Among the entries below, one line contains "(fp_line (start 2 -1)" and another contains "(fp_line (start 34.5 0) (end 35". Transcribe those two lines and every line between them, exactly.
*** Material provided Section Begins ***
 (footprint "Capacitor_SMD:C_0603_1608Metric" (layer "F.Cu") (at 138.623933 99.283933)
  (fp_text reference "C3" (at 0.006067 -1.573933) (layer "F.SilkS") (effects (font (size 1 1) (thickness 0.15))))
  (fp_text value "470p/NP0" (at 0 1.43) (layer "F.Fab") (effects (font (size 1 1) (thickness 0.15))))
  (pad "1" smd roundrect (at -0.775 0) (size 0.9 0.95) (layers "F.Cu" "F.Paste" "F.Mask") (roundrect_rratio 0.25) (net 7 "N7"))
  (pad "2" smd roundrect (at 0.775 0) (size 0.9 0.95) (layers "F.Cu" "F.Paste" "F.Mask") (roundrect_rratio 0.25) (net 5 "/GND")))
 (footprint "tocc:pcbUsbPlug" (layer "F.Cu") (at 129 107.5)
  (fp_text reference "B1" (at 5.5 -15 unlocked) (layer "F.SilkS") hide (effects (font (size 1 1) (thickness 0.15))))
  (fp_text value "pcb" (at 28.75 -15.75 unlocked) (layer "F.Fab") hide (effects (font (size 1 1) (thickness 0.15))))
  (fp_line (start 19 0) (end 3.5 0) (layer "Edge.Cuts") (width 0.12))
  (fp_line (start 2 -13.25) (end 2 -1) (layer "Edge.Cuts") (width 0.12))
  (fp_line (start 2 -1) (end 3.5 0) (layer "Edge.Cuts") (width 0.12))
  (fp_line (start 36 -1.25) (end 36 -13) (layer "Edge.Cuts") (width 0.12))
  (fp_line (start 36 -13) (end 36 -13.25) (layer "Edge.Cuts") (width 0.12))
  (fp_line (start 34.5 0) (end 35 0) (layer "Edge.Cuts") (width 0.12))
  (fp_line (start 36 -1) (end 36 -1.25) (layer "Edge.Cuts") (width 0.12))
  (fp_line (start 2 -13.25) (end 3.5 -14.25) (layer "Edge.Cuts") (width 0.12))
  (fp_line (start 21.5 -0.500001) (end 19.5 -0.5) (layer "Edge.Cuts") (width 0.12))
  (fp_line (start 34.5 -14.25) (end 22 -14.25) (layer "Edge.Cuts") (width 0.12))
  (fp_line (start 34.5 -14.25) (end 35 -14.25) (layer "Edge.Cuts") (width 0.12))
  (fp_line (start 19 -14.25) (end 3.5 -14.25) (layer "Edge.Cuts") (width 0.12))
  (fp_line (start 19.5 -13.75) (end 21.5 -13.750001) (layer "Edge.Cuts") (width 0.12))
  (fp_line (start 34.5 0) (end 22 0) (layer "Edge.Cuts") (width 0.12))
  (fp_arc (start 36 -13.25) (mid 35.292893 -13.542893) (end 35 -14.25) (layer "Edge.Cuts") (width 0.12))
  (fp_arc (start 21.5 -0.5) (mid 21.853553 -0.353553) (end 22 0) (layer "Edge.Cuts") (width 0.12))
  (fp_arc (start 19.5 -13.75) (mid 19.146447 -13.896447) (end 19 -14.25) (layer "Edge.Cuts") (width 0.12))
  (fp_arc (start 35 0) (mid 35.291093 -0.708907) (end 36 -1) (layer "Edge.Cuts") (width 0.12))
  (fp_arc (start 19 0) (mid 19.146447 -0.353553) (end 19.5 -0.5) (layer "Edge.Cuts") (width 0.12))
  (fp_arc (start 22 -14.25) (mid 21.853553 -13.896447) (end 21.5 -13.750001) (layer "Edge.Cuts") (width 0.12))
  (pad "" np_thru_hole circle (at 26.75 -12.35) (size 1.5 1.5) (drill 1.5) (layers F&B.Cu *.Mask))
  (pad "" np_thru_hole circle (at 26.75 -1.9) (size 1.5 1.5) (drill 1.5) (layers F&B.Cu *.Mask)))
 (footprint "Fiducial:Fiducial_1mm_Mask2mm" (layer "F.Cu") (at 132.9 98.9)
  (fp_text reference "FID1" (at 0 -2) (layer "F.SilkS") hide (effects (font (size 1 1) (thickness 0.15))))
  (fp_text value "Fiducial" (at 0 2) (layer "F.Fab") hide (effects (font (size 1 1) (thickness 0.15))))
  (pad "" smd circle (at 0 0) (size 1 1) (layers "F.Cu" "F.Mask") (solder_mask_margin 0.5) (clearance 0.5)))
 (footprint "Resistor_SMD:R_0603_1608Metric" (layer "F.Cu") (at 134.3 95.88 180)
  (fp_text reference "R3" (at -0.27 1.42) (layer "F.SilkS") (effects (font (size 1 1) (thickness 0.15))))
*** Material provided Section Ends ***
*** Material provided Section Begins ***
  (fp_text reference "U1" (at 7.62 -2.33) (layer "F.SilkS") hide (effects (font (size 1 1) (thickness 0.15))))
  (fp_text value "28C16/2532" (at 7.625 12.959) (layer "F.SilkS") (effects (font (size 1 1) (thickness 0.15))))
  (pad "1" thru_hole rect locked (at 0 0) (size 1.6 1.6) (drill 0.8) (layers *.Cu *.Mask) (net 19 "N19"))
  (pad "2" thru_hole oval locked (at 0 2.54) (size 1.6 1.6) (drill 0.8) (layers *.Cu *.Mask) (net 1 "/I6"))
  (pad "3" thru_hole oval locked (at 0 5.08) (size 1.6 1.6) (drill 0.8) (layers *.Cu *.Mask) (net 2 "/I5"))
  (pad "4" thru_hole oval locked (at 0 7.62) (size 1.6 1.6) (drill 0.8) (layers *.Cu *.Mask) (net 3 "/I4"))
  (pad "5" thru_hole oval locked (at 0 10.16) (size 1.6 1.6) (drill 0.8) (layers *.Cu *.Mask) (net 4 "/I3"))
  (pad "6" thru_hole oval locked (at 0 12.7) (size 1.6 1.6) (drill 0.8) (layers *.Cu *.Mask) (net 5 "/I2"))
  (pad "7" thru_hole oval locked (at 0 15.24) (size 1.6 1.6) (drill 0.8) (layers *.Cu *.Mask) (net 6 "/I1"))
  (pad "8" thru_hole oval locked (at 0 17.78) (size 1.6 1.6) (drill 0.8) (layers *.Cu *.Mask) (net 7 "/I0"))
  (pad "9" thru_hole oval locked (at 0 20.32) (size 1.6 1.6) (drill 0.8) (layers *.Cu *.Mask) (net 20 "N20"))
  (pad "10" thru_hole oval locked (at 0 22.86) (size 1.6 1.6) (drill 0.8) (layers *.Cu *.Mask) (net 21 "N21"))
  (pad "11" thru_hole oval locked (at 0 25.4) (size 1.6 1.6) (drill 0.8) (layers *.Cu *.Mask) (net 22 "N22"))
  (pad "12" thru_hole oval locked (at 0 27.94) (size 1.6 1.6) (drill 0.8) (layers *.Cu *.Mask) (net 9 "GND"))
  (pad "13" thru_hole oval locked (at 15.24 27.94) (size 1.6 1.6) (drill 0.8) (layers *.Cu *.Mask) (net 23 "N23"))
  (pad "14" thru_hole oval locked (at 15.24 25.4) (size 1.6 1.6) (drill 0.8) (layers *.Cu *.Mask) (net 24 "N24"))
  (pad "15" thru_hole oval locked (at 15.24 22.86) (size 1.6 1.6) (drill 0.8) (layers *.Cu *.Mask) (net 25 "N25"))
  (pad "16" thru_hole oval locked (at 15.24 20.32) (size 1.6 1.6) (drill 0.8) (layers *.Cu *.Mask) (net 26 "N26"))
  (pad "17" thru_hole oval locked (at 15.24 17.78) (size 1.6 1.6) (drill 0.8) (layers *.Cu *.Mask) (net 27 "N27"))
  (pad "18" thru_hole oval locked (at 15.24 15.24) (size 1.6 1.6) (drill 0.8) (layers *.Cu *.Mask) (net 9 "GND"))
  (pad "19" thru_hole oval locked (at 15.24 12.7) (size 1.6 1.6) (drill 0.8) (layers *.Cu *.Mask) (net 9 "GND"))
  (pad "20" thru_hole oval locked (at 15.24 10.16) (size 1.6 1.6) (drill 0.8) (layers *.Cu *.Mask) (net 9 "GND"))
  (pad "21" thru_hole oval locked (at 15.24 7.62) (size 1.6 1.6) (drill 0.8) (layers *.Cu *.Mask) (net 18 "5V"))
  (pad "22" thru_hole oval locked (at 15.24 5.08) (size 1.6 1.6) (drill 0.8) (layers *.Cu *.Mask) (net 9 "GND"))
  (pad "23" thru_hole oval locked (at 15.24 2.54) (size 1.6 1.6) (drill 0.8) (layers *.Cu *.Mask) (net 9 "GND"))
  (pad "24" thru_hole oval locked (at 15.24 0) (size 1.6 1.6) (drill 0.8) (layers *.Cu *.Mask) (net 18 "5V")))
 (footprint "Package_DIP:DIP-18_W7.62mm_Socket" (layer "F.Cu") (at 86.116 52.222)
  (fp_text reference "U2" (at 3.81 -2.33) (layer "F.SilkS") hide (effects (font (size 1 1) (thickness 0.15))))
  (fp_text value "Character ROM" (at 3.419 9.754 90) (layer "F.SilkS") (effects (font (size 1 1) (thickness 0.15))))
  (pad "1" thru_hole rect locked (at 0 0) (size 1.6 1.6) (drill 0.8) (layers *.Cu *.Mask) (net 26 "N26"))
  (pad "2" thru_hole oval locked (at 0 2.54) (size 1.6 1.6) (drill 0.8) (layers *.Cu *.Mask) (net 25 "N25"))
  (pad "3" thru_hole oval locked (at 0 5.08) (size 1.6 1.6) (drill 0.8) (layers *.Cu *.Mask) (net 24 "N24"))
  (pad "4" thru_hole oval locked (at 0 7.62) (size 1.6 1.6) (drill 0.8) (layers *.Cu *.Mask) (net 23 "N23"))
*** Material provided Section Ends ***
### Your response
  (fp_line (start 2 -1) (end 3.5 0) (layer "Edge.Cuts") (width 0.12))
  (fp_line (start 36 -1.25) (end 36 -13) (layer "Edge.Cuts") (width 0.12))
  (fp_line (start 36 -13) (end 36 -13.25) (layer "Edge.Cuts") (width 0.12))
  (fp_line (start 34.5 0) (end 35 0) (layer "Edge.Cuts") (width 0.12))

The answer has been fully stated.